Häufiger wahrscheinlich, als aus den Berichten hervorgeht, kam es vor, daß jemand
die Reise in seiner Not gelobte, ohne sich darüber klar zu sein, auf welches
Abenteuer er sich eingelassen hatte. Vierzehn Tage lang schwebt Theobald, der
Sohn eines ,,freien Herrn'zwischen Leben und Tod. Dem Vater kommt schließlich
der Gedanke, das Kind dem hl. Theobald zu verheißen; er weiß aber nicht,
wo dieser ,,wohnt und Zeichen tut". Es wird ihm geraten, nach Thann zu ziehen
oder schicken zu lassen. Sobald diese Fahrt gelobt ist, wird das Kind gesund
(Nr. 161).

Wenn der Vater in seiner Not den hl. Theobald anruft, dann deshalb, weil er
ihn als Namenspatron seines Sohnes für besonders ,,kompetent" hält. Ausnahmsweise
gibt hier einmal ein Bericht in den Theobaldsmirakeln Auskunft darüber
, warum ein Mensch aus der Ferne gerade nach Thann wallt.
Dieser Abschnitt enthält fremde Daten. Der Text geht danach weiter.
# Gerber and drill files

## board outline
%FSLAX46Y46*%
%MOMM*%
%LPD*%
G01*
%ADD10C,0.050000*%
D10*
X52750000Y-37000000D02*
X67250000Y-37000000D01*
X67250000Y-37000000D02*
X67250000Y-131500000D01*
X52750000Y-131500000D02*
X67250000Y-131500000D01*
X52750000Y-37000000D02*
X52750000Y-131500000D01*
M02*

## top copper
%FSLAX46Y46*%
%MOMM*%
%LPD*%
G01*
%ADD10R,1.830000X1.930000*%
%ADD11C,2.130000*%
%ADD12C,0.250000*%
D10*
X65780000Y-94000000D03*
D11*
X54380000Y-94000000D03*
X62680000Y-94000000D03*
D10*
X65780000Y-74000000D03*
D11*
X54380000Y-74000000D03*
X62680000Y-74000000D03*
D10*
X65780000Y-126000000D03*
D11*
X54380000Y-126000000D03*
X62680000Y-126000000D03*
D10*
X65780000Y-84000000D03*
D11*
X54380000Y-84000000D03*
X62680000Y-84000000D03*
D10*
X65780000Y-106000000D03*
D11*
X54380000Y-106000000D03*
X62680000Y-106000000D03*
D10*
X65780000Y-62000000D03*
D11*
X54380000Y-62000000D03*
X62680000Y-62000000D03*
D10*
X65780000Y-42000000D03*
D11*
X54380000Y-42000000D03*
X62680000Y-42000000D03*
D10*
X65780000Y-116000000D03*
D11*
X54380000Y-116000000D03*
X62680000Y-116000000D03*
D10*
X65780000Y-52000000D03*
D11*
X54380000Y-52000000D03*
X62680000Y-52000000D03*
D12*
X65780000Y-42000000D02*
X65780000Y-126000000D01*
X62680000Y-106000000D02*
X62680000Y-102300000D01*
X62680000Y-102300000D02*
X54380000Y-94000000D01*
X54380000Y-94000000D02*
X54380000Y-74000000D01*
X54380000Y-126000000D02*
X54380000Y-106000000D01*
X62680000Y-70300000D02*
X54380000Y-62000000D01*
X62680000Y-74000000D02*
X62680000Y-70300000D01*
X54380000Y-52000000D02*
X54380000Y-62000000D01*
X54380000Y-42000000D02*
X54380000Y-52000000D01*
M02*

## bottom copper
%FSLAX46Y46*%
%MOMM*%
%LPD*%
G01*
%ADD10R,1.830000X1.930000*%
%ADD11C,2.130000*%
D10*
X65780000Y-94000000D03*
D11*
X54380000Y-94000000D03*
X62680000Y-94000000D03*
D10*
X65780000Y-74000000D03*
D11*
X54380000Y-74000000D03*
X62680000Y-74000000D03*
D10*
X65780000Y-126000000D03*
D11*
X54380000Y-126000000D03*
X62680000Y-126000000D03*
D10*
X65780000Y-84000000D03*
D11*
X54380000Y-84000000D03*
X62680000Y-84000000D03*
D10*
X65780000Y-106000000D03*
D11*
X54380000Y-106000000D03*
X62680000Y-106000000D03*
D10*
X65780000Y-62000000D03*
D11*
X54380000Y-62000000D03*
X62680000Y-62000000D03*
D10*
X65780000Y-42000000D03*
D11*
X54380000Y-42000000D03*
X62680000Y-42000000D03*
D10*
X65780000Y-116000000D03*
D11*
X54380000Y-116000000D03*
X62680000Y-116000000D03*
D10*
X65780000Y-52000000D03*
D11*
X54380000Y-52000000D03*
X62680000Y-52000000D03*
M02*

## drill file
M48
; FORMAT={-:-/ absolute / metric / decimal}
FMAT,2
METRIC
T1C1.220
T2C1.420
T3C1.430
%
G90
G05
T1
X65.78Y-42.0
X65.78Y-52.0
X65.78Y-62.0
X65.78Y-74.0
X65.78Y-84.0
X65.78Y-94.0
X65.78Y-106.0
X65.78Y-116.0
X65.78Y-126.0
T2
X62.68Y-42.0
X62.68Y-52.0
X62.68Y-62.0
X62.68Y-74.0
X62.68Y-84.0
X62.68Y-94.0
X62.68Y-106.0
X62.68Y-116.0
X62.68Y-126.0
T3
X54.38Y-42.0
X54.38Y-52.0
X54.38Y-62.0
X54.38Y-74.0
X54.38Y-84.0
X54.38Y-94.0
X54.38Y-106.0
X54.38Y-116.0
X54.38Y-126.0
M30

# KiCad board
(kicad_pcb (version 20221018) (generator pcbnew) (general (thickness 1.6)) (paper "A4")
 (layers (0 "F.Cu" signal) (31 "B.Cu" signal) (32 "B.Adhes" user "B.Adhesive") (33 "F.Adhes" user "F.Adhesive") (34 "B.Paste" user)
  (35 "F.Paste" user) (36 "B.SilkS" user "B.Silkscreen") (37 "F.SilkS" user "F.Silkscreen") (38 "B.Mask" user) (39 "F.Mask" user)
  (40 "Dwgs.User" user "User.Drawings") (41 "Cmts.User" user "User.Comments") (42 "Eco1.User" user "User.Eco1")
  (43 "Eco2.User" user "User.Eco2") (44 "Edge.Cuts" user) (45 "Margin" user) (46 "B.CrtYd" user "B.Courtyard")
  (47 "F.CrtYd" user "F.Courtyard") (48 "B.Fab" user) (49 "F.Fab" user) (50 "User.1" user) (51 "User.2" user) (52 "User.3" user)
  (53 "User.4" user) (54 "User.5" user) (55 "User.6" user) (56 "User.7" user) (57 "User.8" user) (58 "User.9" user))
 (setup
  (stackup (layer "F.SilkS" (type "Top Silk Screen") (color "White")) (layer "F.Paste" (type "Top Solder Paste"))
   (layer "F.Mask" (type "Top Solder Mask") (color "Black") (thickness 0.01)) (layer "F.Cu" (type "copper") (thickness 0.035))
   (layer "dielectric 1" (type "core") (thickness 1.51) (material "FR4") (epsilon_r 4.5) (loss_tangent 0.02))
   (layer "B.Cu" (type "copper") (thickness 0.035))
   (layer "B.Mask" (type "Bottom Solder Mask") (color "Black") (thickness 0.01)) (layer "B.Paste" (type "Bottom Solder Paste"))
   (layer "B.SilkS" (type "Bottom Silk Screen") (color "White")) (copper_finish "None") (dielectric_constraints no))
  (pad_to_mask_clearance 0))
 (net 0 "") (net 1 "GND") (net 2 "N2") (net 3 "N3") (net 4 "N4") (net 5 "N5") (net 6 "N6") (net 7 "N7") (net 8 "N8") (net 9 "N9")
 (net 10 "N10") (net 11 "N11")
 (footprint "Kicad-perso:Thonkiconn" (layer "F.Cu") (at 65.78 94 -90)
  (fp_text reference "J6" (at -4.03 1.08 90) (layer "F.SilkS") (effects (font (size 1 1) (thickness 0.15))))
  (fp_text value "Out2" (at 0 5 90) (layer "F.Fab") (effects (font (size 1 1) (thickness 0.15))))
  (pad "S" thru_hole rect (at 0 0 90) (size 1.93 1.83) (drill 1.22) (layers "*.Cu" "*.Mask") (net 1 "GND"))
  (pad "T" thru_hole circle (at 0 11.4 90) (size 2.13 2.13) (drill 1.43) (layers "*.Cu" "*.Mask") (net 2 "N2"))
  (pad "TN" thru_hole circle (at 0 3.1 90) (size 2.13 2.13) (drill 1.42) (layers "*.Cu" "*.Mask") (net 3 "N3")))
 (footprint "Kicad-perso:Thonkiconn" (layer "F.Cu") (at 65.78 74 -90)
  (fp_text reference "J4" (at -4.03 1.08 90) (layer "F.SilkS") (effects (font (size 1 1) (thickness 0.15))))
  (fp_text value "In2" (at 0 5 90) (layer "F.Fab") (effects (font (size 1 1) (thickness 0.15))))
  (pad "S" thru_hole rect (at 0 0 90) (size 1.93 1.83) (drill 1.22) (layers "*.Cu" "*.Mask") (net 1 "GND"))
  (pad "T" thru_hole circle (at 0 11.4 90) (size 2.13 2.13) (drill 1.43) (layers "*.Cu" "*.Mask") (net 2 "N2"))
  (pad "TN" thru_hole circle (at 0 3.1 90) (size 2.13 2.13) (drill 1.42) (layers "*.Cu" "*.Mask") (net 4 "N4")))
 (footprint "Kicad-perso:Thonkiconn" (layer "F.Cu") (at 65.78 126 -90)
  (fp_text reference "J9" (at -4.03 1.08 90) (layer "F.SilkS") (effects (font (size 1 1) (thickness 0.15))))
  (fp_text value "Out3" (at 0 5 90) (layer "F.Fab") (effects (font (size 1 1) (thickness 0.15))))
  (pad "S" thru_hole rect (at 0 0 90) (size 1.93 1.83) (drill 1.22) (layers "*.Cu" "*.Mask") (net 1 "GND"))
  (pad "T" thru_hole circle (at 0 11.4 90) (size 2.13 2.13) (drill 1.43) (layers "*.Cu" "*.Mask") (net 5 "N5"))
  (pad "TN" thru_hole circle (at 0 3.1 90) (size 2.13 2.13) (drill 1.42) (layers "*.Cu" "*.Mask") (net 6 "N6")))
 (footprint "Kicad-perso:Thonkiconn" (layer "F.Cu") (at 65.78 84 -90)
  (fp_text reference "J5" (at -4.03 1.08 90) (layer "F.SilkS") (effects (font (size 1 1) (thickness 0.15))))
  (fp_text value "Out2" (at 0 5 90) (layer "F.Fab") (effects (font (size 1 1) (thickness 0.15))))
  (pad "S" thru_hole rect (at 0 0 90) (size 1.93 1.83) (drill 1.22) (layers "*.Cu" "*.Mask") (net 1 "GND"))
  (pad "T" thru_hole circle (at 0 11.4 90) (size 2.13 2.13) (drill 1.43) (layers "*.Cu" "*.Mask") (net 2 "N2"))
  (pad "TN" thru_hole circle (at 0 3.1 90) (size 2.13 2.13) (drill 1.42) (layers "*.Cu" "*.Mask") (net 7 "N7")))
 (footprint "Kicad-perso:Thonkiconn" (layer "F.Cu") (at 65.78 106 -90)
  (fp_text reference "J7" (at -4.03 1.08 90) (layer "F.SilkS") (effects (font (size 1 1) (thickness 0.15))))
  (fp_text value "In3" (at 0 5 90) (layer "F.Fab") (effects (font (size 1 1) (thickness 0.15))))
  (pad "S" thru_hole rect (at 0 0 90) (size 1.93 1.83) (drill 1.22) (layers "*.Cu" "*.Mask") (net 1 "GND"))
  (pad "T" thru_hole circle (at 0 11.4 90) (size 2.13 2.13) (drill 1.43) (layers "*.Cu" "*.Mask") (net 5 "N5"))
  (pad "TN" thru_hole circle (at 0 3.1 90) (size 2.13 2.13) (drill 1.42) (layers "*.Cu" "*.Mask") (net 2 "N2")))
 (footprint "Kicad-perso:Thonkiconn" (layer "F.Cu") (at 65.78 62 -90)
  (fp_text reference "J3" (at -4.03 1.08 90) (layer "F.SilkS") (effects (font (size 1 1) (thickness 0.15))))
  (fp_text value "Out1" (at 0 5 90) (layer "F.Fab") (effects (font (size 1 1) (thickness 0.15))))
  (pad "S" thru_hole rect (at 0 0 90) (size 1.93 1.83) (drill 1.22) (layers "*.Cu" "*.Mask") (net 1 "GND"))
  (pad "T" thru_hole circle (at 0 11.4 90) (size 2.13 2.13) (drill 1.43) (layers "*.Cu" "*.Mask") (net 4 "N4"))
  (pad "TN" thru_hole circle (at 0 3.1 90) (size 2.13 2.13) (drill 1.42) (layers "*.Cu" "*.Mask") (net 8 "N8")))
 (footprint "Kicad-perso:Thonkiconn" (layer "F.Cu") (at 65.78 42 -90)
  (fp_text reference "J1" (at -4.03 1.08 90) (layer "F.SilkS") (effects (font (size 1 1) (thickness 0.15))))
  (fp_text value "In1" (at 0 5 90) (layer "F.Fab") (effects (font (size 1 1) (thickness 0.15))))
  (pad "S" thru_hole rect (at 0 0 90) (size 1.93 1.83) (drill 1.22) (layers "*.Cu" "*.Mask") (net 1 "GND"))
  (pad "T" thru_hole circle (at 0 11.4 90) (size 2.13 2.13) (drill 1.43) (layers "*.Cu" "*.Mask") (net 4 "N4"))
  (pad "TN" thru_hole circle (at 0 3.1 90) (size 2.13 2.13) (drill 1.42) (layers "*.Cu" "*.Mask") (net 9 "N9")))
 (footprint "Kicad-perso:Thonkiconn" (layer "F.Cu") (at 65.78 116 -90)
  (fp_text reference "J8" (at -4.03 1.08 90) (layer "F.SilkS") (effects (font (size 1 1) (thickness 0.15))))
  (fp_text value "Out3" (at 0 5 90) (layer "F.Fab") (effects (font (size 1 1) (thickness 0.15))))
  (pad "S" thru_hole rect (at 0 0 90) (size 1.93 1.83) (drill 1.22) (layers "*.Cu" "*.Mask") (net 1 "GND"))
  (pad "T" thru_hole circle (at 0 11.4 90) (size 2.13 2.13) (drill 1.43) (layers "*.Cu" "*.Mask") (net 5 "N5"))
  (pad "TN" thru_hole circle (at 0 3.1 90) (size 2.13 2.13) (drill 1.42) (layers "*.Cu" "*.Mask") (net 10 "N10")))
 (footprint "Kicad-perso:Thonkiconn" (layer "F.Cu") (at 65.78 52 -90)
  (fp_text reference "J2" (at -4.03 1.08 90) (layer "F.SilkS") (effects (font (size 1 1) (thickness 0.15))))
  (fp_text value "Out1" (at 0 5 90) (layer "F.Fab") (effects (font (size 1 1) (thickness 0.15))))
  (pad "S" thru_hole rect (at 0 0 90) (size 1.93 1.83) (drill 1.22) (layers "*.Cu" "*.Mask") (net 1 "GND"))
  (pad "T" thru_hole circle (at 0 11.4 90) (size 2.13 2.13) (drill 1.43) (layers "*.Cu" "*.Mask") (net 4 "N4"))
  (pad "TN" thru_hole circle (at 0 3.1 90) (size 2.13 2.13) (drill 1.42) (layers "*.Cu" "*.Mask") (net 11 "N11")))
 (gr_line (start 52.75 37) (end 67.25 37) (stroke (width 0.05) (type solid)) (layer "Edge.Cuts"))
 (gr_line (start 67.25 37) (end 67.25 131.5) (stroke (width 0.05) (type solid)) (layer "Edge.Cuts"))
 (gr_line (start 52.75 131.5) (end 67.25 131.5) (stroke (width 0.05) (type solid)) (layer "Edge.Cuts"))
 (gr_line (start 52.75 37) (end 52.75 131.5) (stroke (width 0.05) (type solid)) (layer "Edge.Cuts"))
 (segment (start 65.78 42) (end 65.78 126) (width 0.25) (layer "F.Cu") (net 1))
 (segment (start 62.68 106) (end 62.68 102.3) (width 0.25) (layer "F.Cu") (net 2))
 (segment (start 62.68 102.3) (end 54.38 94) (width 0.25) (layer "F.Cu") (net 2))
 (segment (start 54.38 94) (end 54.38 74) (width 0.25) (layer "F.Cu") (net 2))
 (segment (start 54.38 126) (end 54.38 106) (width 0.25) (layer "F.Cu") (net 5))
 (segment (start 62.68 70.3) (end 54.38 62) (width 0.25) (layer "F.Cu") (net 4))
 (segment (start 62.68 74) (end 62.68 70.3) (width 0.25) (layer "F.Cu") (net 4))
 (segment (start 54.38 52) (end 54.38 62) (width 0.25) (layer "F.Cu") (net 4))
 (segment (start 54.38 42) (end 54.38 52) (width 0.25) (layer "F.Cu") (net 4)))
Warum aber
wenden sich Menschen in Lübeck, Kiel, Hamburg8 gerade an den hl. Theobald in
Thann? Die Frage ist nicht damit beantwortet, daß die Flehenden um seine
Macht als himmlischer Fürsprecher wissen. Es gab viele andere Heilige, die sich
z. B. als Helfer aus Seenot bewährt hatten; zu denken wäre an den hl. Nikolaus,
der sich bei Seeräubern und Kaufleuten großen Ansehens erfreute und dem deshalb
entlang der Ostseeküste zahlreiche Kirchen geweiht wurden. Eine Antwort
kann hier nur annäherungsweise versucht werden.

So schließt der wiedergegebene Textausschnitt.